# Tanners????



## Abu65 (Apr 17, 2004)

If the Big O is fishable I'm headed to Tanners this weekend but I have no idea how to get there. Can anyone give me directions from I-275? I would appreciate it and PM me on some good spots on the river to try(well I just thought I would try to slip that one in!!! LOL) but I do need directions. Thanks Abu


----------



## mrfishohio (Apr 5, 2004)

Stay home, in other words...forget the Ohio River. Tanners will be flooded well over the ramp and the entire lot will be under water.
I _can help you with this though...._ 
The best spots to fish are where the fish are biting, I thought everyone already knew that !?!


----------



## Carpn (Apr 5, 2004)

I launched at Tanners on Sat. when the river was in the mid 44' range...There were a few other boats launched also....Tried to launch yesterday when the river was up into the 45' range and couldn't get back to enough grade to get the boat off the trailer.
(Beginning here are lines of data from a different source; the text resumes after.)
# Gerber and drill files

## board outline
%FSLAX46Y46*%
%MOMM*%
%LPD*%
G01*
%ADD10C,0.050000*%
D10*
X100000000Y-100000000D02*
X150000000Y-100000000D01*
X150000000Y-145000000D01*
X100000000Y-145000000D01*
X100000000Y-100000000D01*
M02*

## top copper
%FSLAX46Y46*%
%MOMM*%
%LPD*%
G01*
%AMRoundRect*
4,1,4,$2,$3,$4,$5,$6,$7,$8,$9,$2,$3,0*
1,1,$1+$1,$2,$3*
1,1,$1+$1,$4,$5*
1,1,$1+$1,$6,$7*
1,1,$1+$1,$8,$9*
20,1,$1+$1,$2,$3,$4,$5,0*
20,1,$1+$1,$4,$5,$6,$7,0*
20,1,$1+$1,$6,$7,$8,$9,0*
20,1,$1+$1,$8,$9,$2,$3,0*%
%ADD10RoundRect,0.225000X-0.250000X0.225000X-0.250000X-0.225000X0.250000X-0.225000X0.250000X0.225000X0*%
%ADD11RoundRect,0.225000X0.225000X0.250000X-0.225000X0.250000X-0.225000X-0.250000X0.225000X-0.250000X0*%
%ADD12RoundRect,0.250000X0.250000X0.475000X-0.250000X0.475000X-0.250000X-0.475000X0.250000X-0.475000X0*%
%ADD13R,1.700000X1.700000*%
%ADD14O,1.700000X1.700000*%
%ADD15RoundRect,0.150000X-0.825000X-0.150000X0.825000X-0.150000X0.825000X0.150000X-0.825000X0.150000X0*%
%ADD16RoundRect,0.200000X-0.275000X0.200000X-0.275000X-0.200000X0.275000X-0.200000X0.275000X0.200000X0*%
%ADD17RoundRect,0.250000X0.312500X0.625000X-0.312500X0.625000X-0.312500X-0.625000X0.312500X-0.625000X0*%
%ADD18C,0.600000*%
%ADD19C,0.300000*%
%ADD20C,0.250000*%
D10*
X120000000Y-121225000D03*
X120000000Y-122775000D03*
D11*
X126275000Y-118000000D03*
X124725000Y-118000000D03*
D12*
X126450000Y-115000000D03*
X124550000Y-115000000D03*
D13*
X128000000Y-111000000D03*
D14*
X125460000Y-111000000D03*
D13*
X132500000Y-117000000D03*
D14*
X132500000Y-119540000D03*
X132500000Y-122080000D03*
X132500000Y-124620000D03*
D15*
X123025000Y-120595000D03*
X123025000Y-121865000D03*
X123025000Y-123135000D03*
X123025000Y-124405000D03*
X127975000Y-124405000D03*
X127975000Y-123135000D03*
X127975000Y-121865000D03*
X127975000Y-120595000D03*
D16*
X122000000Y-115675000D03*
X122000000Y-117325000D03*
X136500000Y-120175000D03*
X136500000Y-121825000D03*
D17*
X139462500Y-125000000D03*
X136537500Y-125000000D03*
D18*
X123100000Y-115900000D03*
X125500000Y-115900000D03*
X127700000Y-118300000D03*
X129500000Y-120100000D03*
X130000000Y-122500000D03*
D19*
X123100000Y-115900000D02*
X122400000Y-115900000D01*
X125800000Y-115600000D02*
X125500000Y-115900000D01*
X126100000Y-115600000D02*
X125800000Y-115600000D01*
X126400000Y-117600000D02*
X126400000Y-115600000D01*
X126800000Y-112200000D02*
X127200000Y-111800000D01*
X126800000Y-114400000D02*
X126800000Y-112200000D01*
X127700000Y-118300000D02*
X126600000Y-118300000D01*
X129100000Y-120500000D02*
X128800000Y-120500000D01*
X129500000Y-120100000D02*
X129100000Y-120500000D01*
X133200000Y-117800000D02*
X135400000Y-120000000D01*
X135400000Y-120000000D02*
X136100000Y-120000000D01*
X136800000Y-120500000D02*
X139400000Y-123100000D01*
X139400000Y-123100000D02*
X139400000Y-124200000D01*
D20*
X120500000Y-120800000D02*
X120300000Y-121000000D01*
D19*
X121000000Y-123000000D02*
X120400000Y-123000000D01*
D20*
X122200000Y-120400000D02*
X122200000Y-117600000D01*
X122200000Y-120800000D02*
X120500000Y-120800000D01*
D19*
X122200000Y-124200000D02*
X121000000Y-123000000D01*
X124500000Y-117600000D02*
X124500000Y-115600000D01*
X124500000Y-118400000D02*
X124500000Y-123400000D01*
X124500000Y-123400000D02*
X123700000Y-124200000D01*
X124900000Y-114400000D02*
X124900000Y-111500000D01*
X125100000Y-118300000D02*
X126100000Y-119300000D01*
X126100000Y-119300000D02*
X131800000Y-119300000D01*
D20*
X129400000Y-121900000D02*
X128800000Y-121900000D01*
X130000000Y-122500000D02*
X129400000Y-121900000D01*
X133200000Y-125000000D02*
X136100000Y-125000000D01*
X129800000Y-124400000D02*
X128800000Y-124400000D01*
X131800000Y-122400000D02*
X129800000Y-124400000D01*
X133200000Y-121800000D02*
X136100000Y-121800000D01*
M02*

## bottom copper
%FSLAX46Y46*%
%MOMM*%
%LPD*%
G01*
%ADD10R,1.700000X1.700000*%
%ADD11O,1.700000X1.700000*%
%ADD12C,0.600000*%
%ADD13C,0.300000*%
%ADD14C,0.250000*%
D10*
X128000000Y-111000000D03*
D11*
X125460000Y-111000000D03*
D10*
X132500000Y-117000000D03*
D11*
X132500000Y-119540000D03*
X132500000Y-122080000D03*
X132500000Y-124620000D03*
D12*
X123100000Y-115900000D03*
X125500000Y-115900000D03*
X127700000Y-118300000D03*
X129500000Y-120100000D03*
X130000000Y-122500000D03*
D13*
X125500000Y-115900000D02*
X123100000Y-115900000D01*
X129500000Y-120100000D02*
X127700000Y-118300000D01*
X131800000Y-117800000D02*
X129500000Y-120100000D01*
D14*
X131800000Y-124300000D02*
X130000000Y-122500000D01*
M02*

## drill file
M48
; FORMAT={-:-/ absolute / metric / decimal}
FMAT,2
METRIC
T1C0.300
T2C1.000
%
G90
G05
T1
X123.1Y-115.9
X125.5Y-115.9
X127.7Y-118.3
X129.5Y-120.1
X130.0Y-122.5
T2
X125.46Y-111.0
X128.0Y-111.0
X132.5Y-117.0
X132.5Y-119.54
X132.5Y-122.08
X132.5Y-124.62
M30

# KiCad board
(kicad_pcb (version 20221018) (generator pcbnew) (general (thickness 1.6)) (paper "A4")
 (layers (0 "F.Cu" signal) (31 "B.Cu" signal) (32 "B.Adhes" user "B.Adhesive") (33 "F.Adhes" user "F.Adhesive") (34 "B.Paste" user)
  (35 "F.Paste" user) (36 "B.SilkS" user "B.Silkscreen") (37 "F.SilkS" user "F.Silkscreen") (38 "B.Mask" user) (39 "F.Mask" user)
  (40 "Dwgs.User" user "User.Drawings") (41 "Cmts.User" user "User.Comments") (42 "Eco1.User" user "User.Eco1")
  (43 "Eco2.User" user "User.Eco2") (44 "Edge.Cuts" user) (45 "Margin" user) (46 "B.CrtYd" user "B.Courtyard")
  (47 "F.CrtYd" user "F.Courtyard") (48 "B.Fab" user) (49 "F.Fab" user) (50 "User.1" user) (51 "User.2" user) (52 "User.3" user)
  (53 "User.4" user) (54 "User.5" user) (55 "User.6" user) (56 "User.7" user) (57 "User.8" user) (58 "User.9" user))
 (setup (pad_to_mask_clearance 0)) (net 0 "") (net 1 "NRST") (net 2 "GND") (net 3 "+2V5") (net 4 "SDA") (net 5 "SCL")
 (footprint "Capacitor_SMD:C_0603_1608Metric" (layer "F.Cu") (at 120 122 -90)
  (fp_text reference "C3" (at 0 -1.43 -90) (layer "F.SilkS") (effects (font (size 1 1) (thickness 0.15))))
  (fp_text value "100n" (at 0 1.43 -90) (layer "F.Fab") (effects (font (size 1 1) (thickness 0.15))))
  (pad "1" smd roundrect (at -0.775 0 270) (size 0.9 0.95) (layers "F.Cu" "F.Paste" "F.Mask") (roundrect_rratio 0.25) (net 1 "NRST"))
  (pad "2" smd roundrect (at 0.775 0 270) (size 0.9 0.95) (layers "F.Cu" "F.Paste" "F.Mask") (roundrect_rratio 0.25) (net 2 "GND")))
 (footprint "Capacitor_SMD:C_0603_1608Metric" (layer "F.Cu") (at 125.5 118 180)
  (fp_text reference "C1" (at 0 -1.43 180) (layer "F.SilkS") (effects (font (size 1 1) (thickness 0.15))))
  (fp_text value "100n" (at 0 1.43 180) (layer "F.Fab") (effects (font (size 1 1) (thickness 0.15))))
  (pad "1" smd roundrect (at -0.775 0 180) (size 0.9 0.95) (layers "F.Cu" "F.Paste" "F.Mask") (roundrect_rratio 0.25) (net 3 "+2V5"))
  (pad "2" smd roundrect (at 0.775 0 180) (size 0.9 0.95) (layers "F.Cu" "F.Paste" "F.Mask") (roundrect_rratio 0.25) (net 2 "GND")))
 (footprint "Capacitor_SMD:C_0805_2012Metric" (layer "F.Cu") (at 125.5 115 180)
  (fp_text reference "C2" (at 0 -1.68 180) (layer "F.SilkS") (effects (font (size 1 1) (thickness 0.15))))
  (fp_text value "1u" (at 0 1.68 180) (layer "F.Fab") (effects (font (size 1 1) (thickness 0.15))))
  (pad "1" smd roundrect (at -0.95 0 180) (size 1 1.45) (layers "F.Cu" "F.Paste" "F.Mask") (roundrect_rratio 0.25) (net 3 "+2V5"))
  (pad "2" smd roundrect (at 0.95 0 180) (size 1 1.45) (layers "F.Cu" "F.Paste" "F.Mask") (roundrect_rratio 0.25) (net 2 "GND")))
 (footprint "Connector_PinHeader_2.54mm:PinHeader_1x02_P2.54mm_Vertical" (layer "F.Cu") (at 128 111 -90)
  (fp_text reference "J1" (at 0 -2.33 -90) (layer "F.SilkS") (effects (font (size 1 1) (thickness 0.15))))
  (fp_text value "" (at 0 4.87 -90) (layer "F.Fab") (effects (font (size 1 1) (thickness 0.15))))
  (pad "1" thru_hole rect (at 0 0 270) (size 1.7 1.7) (drill 1) (layers "*.Cu" "*.Mask") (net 3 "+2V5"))
  (pad "2" thru_hole oval (at 0 2.54 270) (size 1.7 1.7) (drill 1) (layers "*.Cu" "*.Mask") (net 2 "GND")))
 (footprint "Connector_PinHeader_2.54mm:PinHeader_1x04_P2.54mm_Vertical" (layer "F.Cu") (at 132.5 117)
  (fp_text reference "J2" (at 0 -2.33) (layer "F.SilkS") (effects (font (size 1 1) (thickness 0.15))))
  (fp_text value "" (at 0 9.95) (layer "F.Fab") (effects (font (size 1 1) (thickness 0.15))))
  (pad "1" thru_hole rect (at 0 0) (size 1.7 1.7) (drill 1) (layers "*.Cu" "*.Mask") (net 3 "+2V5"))
  (pad "2" thru_hole oval (at 0 2.54) (size 1.7 1.7) (drill 1) (layers "*.Cu" "*.Mask") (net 2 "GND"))
  (pad "3" thru_hole oval (at 0 5.08) (size 1.7 1.7) (drill 1) (layers "*.Cu" "*.Mask") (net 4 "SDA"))
  (pad "4" thru_hole oval (at 0 7.62) (size 1.7 1.7) (drill 1) (layers "*.Cu" "*.Mask") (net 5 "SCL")))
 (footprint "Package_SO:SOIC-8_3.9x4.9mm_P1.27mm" (layer "F.Cu") (at 125.5 122.5)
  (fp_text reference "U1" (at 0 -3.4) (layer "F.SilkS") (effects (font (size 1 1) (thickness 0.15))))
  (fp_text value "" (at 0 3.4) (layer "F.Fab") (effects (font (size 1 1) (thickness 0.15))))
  (pad "1" smd roundrect (at -2.475 -1.905) (size 1.95 0.6) (layers "F.Cu" "F.Paste" "F.Mask") (roundrect_rratio 0.25) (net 1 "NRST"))
  (pad "2" smd roundrect (at -2.475 -0.635) (size 1.95 0.6) (layers "F.Cu" "F.Paste" "F.Mask") (roundrect_rratio 0.25))
  (pad "3" smd roundrect (at -2.475 0.635) (size 1.95 0.6) (layers "F.Cu" "F.Paste" "F.Mask") (roundrect_rratio 0.25))
  (pad "4" smd roundrect (at -2.475 1.905) (size 1.95 0.6) (layers "F.Cu" "F.Paste" "F.Mask") (roundrect_rratio 0.25) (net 2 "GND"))
  (pad "5" smd roundrect (at 2.475 1.905) (size 1.95 0.6) (layers "F.Cu" "F.Paste" "F.Mask") (roundrect_rratio 0.25) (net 4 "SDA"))
  (pad "6" smd roundrect (at 2.475 0.635) (size 1.95 0.6) (layers "F.Cu" "F.Paste" "F.Mask") (roundrect_rratio 0.25))
  (pad "7" smd roundrect (at 2.475 -0.635) (size 1.95 0.6) (layers "F.Cu" "F.Paste" "F.Mask") (roundrect_rratio 0.25) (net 5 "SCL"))
  (pad "8" smd roundrect (at 2.475 -1.905) (size 1.95 0.6) (layers "F.Cu" "F.Paste" "F.Mask") (roundrect_rratio 0.25) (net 3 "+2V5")))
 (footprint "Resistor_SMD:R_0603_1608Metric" (layer "F.Cu") (at 122 116.5 -90)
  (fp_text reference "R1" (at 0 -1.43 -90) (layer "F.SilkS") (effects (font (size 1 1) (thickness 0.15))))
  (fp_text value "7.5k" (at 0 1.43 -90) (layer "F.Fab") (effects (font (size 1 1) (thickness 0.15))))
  (pad "1" smd roundrect (at -0.825 0 270) (size 0.8 0.95) (layers "F.Cu" "F.Paste" "F.Mask") (roundrect_rratio 0.25) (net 3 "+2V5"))
  (pad "2" smd roundrect (at 0.825 0 270) (size 0.8 0.95) (layers "F.Cu" "F.Paste" "F.Mask") (roundrect_rratio 0.25) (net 1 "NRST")))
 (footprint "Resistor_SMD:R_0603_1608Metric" (layer "F.Cu") (at 136.5 121 -90)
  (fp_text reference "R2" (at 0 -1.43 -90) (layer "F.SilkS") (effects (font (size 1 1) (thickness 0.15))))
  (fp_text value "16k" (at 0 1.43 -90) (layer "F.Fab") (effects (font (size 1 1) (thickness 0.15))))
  (pad "1" smd roundrect (at -0.825 0 270) (size 0.8 0.95) (layers "F.Cu" "F.Paste" "F.Mask") (roundrect_rratio 0.25) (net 3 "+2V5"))
  (pad "2" smd roundrect (at 0.825 0 270) (size 0.8 0.95) (layers "F.Cu" "F.Paste" "F.Mask") (roundrect_rratio 0.25) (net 4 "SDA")))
I ended up going over to Shawnee Lookout and launching into the Great Miami. The Great Miami was really muddy everywhere....Tanners creek was pretty clear in spots if you went upriver
The crappy thing is that on Sat. we were into fish when I got called into work and had to leave early....Came back for a rematch and couldn't get the boat in.
FYI- I was bowfishing so the fish I was into probabaly wouldn't interest mosta you. We were getting bunches Bigmouth Buffalo, Also saw about 6 grass carp, gar, common carp...and a couple asian carp up filter feeding with the bigmouth buffs.


----------



## mrfishohio (Apr 5, 2004)

Hate to hear that


> couple asian carp


 even though I know they are in the Ohio River. Maybe they aren't as prolific up here as they are in the Southern regions. Who was that guy who was doing th estudies on them? He was in the former site. He'd be interested I'm sure. Did you get some of them ?? Big head or silvers??


----------



## mrfishohio (Apr 5, 2004)

Funny about that ramp, sometimes it's flooded when Cinti is between 37-40', I guess it all depends on how much water they are dropping at Meldahl & Markland.


----------



## Carpn (Apr 5, 2004)

I launch there all the time when the river is up and this was the 1st time I've had a problem.
ASIAN CARP-Unfortunatly they are already very common in areas north of us on the Mississippi...I think they are just spreading up every river system connected...I know guys in Louisville that've been seeing them for several yrs.
I didn't connect on any of the ones we saw..But there is no mistaking them in clear water..Their eyes are set below the back edge of their jawbone....I'm not sure if they were silvers or bigheads.
I talk to the Carptracker guy on occasion and will let him know what I saw...


----------



## Mean Morone (Apr 12, 2004)

Hey Carpn, I saw you back off the main river. I knew you were bow fishing, and we slowed down to take a look. I guess you guys got off the river before the storms came through. We fished off the mouth of the rock pit for half an hour before we found out about the tornado warnings. I hope the truck and trailor weren't in your way. Oh, you guys need to try back in the rock pit. I hear that the gar are thick back in there.


----------



## Carpn (Apr 5, 2004)

We had plenty of room to get out no problem. We made it off just in time. As we was pulling out the rain started...My wife woulda never let me hear then end of it if she got stuck in the rain and lightning...lol..I usually just put on the rain gear or crawl in the front compartment of the boat and take a nap till it passes...
There were alot of fish up (Buffalo) the water was just way to muddy there. I usually look back in the rock pit area..just didn't go back there the other night for whatever reason. 
PS I was able to launch at Tanners last night with the river in the low 44' range...Ya hafta back way in till the water is about in the truck but you can do it. The water where I had been sat was all muddied up and with it starting to drop a little all the fish had pulled out of the fields except for a few common carp.


----------



## Abu65 (Apr 17, 2004)

Thanks for all the info! I'll be sure to catch all the fish now that I know where to fish and how to get there!


----------



## Fishman (Apr 5, 2004)

The river still looks like crap, I went over it a few times today, and its still up in the trees


----------



## flathunter (Apr 5, 2004)

You might try some of the tributarys till the ohio goes down.


----------